SLM (Small Language Model)
A language model with far fewer parameters than frontier LLMs — typically under 10B. Can run on consumer hardware or on-device. Examples: Phi-4 (Microsoft), Gemini Nano, Llama 3.2 3B. Often fine-tuned for specific narrow tasks.
Softmax
A mathematical function that converts raw model scores (logits) into a probability distribution summing to 1. Used at the output layer to express how likely each token is as the next word.
System Prompt
Instructions given to a model before the conversation begins — defining its role, constraints, tone, and behaviour. The system prompt is typically invisible to end users and is set by the application developer. Central to building AI products.

T

Temperature
A parameter controlling how random the model's outputs are. Temperature 0 = deterministic (always picks the most probable next token). Higher temperature = more creative and varied but less reliable. Typical values: 0 (code/data tasks), 0.7 (general use), 1.0+ (creative writing).
Test-Time Compute
The idea of allocating more compute at inference time (not just during training) to improve output quality. Reasoning models use test-time compute to 'think' — generating internal reasoning steps before producing an answer.
Token
The basic unit a language model reads and writes. A token is roughly 0.75 words in English — 'unbelievable' might be 3–4 tokens, a short sentence 10–15. Models are priced per 1,000 or 1,000,000 tokens. Context window size is measured in tokens.
Tool Calling (Function Calling)
The ability of a model to decide to invoke an external function or API — search the web, run code, query a database — and incorporate the result into its response.
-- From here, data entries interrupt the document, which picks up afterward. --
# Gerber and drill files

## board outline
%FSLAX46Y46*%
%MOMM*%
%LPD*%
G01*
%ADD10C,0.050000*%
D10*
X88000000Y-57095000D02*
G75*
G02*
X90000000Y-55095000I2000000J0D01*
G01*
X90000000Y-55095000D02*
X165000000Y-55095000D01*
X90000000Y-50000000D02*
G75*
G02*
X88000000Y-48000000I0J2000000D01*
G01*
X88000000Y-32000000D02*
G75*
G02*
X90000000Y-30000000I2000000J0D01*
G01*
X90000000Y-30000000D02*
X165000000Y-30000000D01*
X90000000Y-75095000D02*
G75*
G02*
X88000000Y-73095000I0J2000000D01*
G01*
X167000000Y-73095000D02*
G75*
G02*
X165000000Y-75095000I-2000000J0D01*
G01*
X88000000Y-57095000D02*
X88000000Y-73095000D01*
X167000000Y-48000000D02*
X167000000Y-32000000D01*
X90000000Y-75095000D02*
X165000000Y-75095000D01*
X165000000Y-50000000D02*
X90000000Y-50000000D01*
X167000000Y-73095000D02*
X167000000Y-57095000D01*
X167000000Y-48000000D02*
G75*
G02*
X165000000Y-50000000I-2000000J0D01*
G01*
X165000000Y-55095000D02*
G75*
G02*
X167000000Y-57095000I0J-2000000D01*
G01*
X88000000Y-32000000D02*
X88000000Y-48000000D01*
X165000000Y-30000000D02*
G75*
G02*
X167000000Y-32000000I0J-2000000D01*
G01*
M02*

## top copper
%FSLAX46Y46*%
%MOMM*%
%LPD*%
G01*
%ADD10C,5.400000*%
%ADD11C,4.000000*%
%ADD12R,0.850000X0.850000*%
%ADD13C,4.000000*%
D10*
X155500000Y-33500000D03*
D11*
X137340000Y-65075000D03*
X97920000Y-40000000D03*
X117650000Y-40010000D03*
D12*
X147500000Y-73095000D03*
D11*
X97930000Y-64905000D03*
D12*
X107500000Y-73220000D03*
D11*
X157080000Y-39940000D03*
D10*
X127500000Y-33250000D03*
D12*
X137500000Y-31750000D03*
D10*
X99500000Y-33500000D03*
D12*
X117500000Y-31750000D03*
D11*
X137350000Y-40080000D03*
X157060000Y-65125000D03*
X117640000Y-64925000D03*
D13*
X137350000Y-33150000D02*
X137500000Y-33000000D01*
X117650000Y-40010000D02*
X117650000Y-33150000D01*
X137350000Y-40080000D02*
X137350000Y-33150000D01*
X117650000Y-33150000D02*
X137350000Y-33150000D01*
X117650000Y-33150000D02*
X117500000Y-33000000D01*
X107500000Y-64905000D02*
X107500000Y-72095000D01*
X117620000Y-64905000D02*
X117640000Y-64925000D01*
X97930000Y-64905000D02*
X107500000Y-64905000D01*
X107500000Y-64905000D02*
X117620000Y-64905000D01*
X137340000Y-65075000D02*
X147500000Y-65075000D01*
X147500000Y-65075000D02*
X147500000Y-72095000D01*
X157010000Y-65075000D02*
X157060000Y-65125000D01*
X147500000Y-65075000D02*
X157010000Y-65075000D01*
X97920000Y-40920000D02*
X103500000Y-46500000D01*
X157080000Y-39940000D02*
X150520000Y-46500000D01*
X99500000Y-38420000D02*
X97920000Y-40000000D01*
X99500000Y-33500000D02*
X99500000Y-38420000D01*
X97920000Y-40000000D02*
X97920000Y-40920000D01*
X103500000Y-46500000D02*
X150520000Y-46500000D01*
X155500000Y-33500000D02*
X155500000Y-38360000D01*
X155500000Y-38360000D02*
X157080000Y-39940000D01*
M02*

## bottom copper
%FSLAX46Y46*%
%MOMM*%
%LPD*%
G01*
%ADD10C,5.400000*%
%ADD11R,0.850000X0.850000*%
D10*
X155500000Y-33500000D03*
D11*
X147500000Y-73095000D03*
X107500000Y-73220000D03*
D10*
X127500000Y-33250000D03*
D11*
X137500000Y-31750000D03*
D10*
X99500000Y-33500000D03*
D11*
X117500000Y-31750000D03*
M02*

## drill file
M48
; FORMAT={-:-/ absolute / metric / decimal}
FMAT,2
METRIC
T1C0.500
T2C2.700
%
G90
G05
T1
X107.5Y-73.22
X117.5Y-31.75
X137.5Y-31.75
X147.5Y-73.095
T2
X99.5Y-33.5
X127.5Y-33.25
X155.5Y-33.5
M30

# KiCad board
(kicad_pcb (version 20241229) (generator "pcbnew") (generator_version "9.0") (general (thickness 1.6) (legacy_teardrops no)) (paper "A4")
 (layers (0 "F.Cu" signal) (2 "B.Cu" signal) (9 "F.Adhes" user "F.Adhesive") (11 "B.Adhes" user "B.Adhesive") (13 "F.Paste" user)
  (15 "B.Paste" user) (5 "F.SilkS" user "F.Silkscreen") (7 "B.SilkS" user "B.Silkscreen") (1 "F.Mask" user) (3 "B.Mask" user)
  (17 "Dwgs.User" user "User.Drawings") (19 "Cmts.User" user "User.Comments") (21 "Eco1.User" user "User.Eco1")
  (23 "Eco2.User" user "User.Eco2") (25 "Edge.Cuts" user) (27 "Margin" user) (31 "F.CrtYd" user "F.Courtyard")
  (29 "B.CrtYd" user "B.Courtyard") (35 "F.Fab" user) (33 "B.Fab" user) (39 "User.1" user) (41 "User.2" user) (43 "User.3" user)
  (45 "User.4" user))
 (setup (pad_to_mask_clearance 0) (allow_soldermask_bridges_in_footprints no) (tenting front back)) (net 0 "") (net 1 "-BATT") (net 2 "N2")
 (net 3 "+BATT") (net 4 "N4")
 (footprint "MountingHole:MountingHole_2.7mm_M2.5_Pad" (layer "F.Cu") (at 155.5 33.5)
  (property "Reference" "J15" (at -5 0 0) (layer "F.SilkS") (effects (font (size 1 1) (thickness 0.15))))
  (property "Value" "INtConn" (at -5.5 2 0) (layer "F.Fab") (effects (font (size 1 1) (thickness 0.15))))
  (pad "1" thru_hole circle (at 0 0) (size 5.4 5.4) (drill 2.7) (layers "*.Cu" "*.Mask") (remove_unused_layers no) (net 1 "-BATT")
   (zone_connect 2)))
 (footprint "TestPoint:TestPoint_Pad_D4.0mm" (layer "F.Cu") (at 137.34 65.075)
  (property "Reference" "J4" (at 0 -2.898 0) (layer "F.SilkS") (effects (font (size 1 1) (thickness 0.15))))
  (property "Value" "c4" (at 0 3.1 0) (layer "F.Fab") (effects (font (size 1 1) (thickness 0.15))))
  (pad "1" smd circle (at 0 0) (size 4 4) (layers "F.Cu" "F.Mask") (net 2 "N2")))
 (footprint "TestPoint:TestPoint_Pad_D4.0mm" (layer "F.Cu") (at 97.92 40)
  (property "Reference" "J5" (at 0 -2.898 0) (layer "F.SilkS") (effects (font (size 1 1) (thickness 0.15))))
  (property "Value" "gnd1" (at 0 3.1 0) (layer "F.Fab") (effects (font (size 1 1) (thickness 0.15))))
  (pad "1" smd circle (at 0 0) (size 4 4) (layers "F.Cu" "F.Mask") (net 1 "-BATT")))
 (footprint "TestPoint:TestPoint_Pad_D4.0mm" (layer "F.Cu") (at 117.65 40.01)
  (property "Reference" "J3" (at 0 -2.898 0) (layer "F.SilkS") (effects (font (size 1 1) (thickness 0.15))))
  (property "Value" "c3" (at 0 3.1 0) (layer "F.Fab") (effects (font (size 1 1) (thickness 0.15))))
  (pad "1" smd circle (at 0 0) (size 4 4) (layers "F.Cu" "F.Mask") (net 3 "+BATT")))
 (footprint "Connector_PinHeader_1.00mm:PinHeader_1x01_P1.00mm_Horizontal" (layer "F.Cu") (at 147.5 73.095 -90)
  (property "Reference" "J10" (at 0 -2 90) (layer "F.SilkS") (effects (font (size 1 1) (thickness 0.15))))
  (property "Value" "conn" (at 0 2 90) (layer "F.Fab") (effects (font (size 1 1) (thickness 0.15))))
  (pad "1" thru_hole rect (at 0 0 270) (size 0.85 0.85) (drill 0.5) (layers "*.Cu" "*.Mask") (remove_unused_layers no) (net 2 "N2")))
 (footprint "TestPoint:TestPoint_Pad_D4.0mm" (layer "F.Cu") (at 97.93 64.905)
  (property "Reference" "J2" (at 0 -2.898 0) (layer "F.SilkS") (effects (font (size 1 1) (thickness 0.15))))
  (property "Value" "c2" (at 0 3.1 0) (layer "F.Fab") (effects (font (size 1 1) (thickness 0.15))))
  (pad "1" smd circle (at 0 0) (size 4 4) (layers "F.Cu" "F.Mask") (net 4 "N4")))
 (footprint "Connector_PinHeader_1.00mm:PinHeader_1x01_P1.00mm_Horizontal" (layer "F.Cu") (at 107.5 73.22 -90)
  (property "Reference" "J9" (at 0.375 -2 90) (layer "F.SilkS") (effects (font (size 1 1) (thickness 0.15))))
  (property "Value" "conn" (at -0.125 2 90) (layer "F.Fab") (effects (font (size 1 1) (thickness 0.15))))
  (pad "1" thru_hole rect (at 0 0 270) (size 0.85 0.85) (drill 0.5) (layers "*.Cu" "*.Mask") (remove_unused_layers no) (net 4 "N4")))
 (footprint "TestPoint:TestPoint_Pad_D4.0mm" (layer "F.Cu") (at 157.08 39.94)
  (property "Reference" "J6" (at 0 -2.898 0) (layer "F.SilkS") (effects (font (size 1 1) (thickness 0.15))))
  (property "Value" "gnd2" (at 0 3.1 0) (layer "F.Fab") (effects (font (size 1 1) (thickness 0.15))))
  (pad "1" smd circle (at 0 0) (size 4 4) (layers "F.Cu" "F.Mask") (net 1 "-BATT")))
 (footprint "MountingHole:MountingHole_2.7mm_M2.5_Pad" (layer "F.Cu") (at 127.5 33.25)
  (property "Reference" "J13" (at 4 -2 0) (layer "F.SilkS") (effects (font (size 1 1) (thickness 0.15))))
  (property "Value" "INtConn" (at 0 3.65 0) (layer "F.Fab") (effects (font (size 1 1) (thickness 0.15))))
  (pad "1" thru_hole circle (at 0 0) (size 5.4 5.4) (drill 2.7) (layers "*.Cu" "*.Mask") (remove_unused_layers no) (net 3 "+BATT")
   (zone_connect 2)))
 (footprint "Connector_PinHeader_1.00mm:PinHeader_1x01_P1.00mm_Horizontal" (layer "F.Cu") (at 137.5 31.75 90)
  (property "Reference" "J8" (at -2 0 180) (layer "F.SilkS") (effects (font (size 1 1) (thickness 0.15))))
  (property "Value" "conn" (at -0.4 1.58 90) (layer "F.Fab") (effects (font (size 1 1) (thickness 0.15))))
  (pad "1" thru_hole rect (at 0 0 90) (size 0.85 0.85) (drill 0.5) (layers "*.Cu" "*.Mask") (remove_unused_layers no) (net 3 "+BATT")))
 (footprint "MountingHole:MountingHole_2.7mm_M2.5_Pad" (layer "F.Cu") (at 99.5 33.5)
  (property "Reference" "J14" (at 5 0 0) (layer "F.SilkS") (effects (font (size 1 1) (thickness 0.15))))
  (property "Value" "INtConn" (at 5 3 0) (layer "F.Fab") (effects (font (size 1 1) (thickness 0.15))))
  (pad "1" thru_hole circle (at 0 0) (size 5.4 5.4) (drill 2.7) (layers "*.Cu" "*.Mask") (remove_unused_layers no) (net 1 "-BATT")
   (zone_connect 2)))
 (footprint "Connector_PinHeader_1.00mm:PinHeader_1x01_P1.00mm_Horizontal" (layer "F.Cu") (at 117.5 31.75 90)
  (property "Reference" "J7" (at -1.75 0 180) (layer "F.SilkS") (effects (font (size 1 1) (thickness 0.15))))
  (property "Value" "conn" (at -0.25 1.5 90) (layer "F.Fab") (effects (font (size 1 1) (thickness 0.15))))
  (pad "1" thru_hole rect (at 0 0 90) (size 0.85 0.85) (drill 0.5) (layers "*.Cu" "*.Mask") (remove_unused_layers no) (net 3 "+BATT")))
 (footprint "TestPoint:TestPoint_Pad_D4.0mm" (layer "F.Cu") (at 137.35 40.08)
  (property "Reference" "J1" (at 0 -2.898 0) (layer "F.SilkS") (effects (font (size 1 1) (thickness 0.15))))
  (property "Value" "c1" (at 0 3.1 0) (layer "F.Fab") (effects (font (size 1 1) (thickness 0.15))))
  (pad "1" smd circle (at 0 0) (size 4 4) (layers "F.Cu" "F.Mask") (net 3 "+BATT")))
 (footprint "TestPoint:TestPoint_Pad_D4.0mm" (layer "F.Cu") (at 157.06 65.125)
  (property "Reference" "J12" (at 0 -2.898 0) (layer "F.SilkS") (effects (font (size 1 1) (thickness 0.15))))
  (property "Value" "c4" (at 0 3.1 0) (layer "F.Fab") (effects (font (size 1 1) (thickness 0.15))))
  (pad "1" smd circle (at 0 0) (size 4 4) (layers "F.Cu" "F.Mask") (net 2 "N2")))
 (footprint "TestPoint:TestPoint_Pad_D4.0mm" (layer "F.Cu") (at 117.64 64.925)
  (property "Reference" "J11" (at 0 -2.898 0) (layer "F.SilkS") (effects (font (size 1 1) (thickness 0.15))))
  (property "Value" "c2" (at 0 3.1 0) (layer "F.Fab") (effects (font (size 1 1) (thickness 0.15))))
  (pad "1" smd circle (at 0 0) (size 4 4) (layers "F.Cu" "F.Mask") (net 4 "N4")))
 (gr_arc (start 88 57.095) (mid 88.585786 55.680786) (end 90 55.095) (stroke (width 0.05) (type default)) (layer "Edge.Cuts"))
 (gr_line (start 90 55.095) (end 165 55.095) (stroke (width 0.05) (type default)) (layer "Edge.Cuts"))
 (gr_arc (start 90 50) (mid 88.585786 49.414214) (end 88 48) (stroke (width 0.05) (type default)) (layer "Edge.Cuts"))
 (gr_arc (start 88 32) (mid 88.585786 30.585786) (end 90 30) (stroke (width 0.05) (type default)) (layer "Edge.Cuts"))
 (gr_line (start 90 30) (end 165 30) (stroke (width 0.05) (type default)) (layer "Edge.Cuts"))
 (gr_arc (start 90 75.095) (mid 88.585786 74.509214) (end 88 73.095) (stroke (width 0.05) (type default)) (layer "Edge.Cuts"))
 (gr_arc (start 167 73.095) (mid 166.414214 74.509214) (end 165 75.095) (stroke (width 0.05) (type default)) (layer "Edge.Cuts"))
 (gr_line (start 88 57.095) (end 88 73.095) (stroke (width 0.05) (type default)) (layer "Edge.Cuts"))
 (gr_line (start 167 48) (end 167 32) (stroke (width 0.05) (type default)) (layer "Edge.Cuts"))
 (gr_line (start 90 75.095) (end 165 75.095) (stroke (width 0.05) (type default)) (layer "Edge.Cuts"))
 (gr_line (start 165 50) (end 90 50) (stroke (width 0.05) (type default)) (layer "Edge.Cuts"))
 (gr_line (start 167 73.095) (end 167 57.095) (stroke (width 0.05) (type default)) (layer "Edge.Cuts"))
 (gr_arc (start 167 48) (mid 166.414214 49.414214) (end 165 50) (stroke (width 0.05) (type default)) (layer "Edge.Cuts"))
 (gr_arc (start 165 55.095) (mid 166.414214 55.680786) (end 167 57.095) (stroke (width 0.05) (type default)) (layer "Edge.Cuts"))
 (gr_line (start 88 32) (end 88 48) (stroke (width 0.05) (type default)) (layer "Edge.Cuts"))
The foundation of agentic AI behaviour.
Top-p (Nucleus Sampling)
A sampling technique that restricts the model to the smallest set of tokens whose cumulative probability exceeds p. Top-p 0.9 means only tokens covering the top 90% of probability mass are considered. Often used alongside temperature.
Transformer
The neural network architecture that powers virtually all modern LLMs. Introduced in 'Attention is All You Need' (2017). Its key innovation is the attention mechanism, which allows the model to process all tokens in parallel and model long-range dependencies.

V

Vector Database
A database designed to store and query embeddings (vectors). Similarity search finds vectors closest to a query vector using algorithms like HNSW or FAISS. Examples: Pinecone, Weaviate, Chroma, pgvector (Postgres). The storage layer for most RAG systems.

Z

Zero-Shot Learning
Asking a model to perform a task without providing any examples — relying entirely on the model's pre-training. Modern LLMs are surprisingly capable zero-shot. Add few-shot examples when zero-shot quality is insufficient.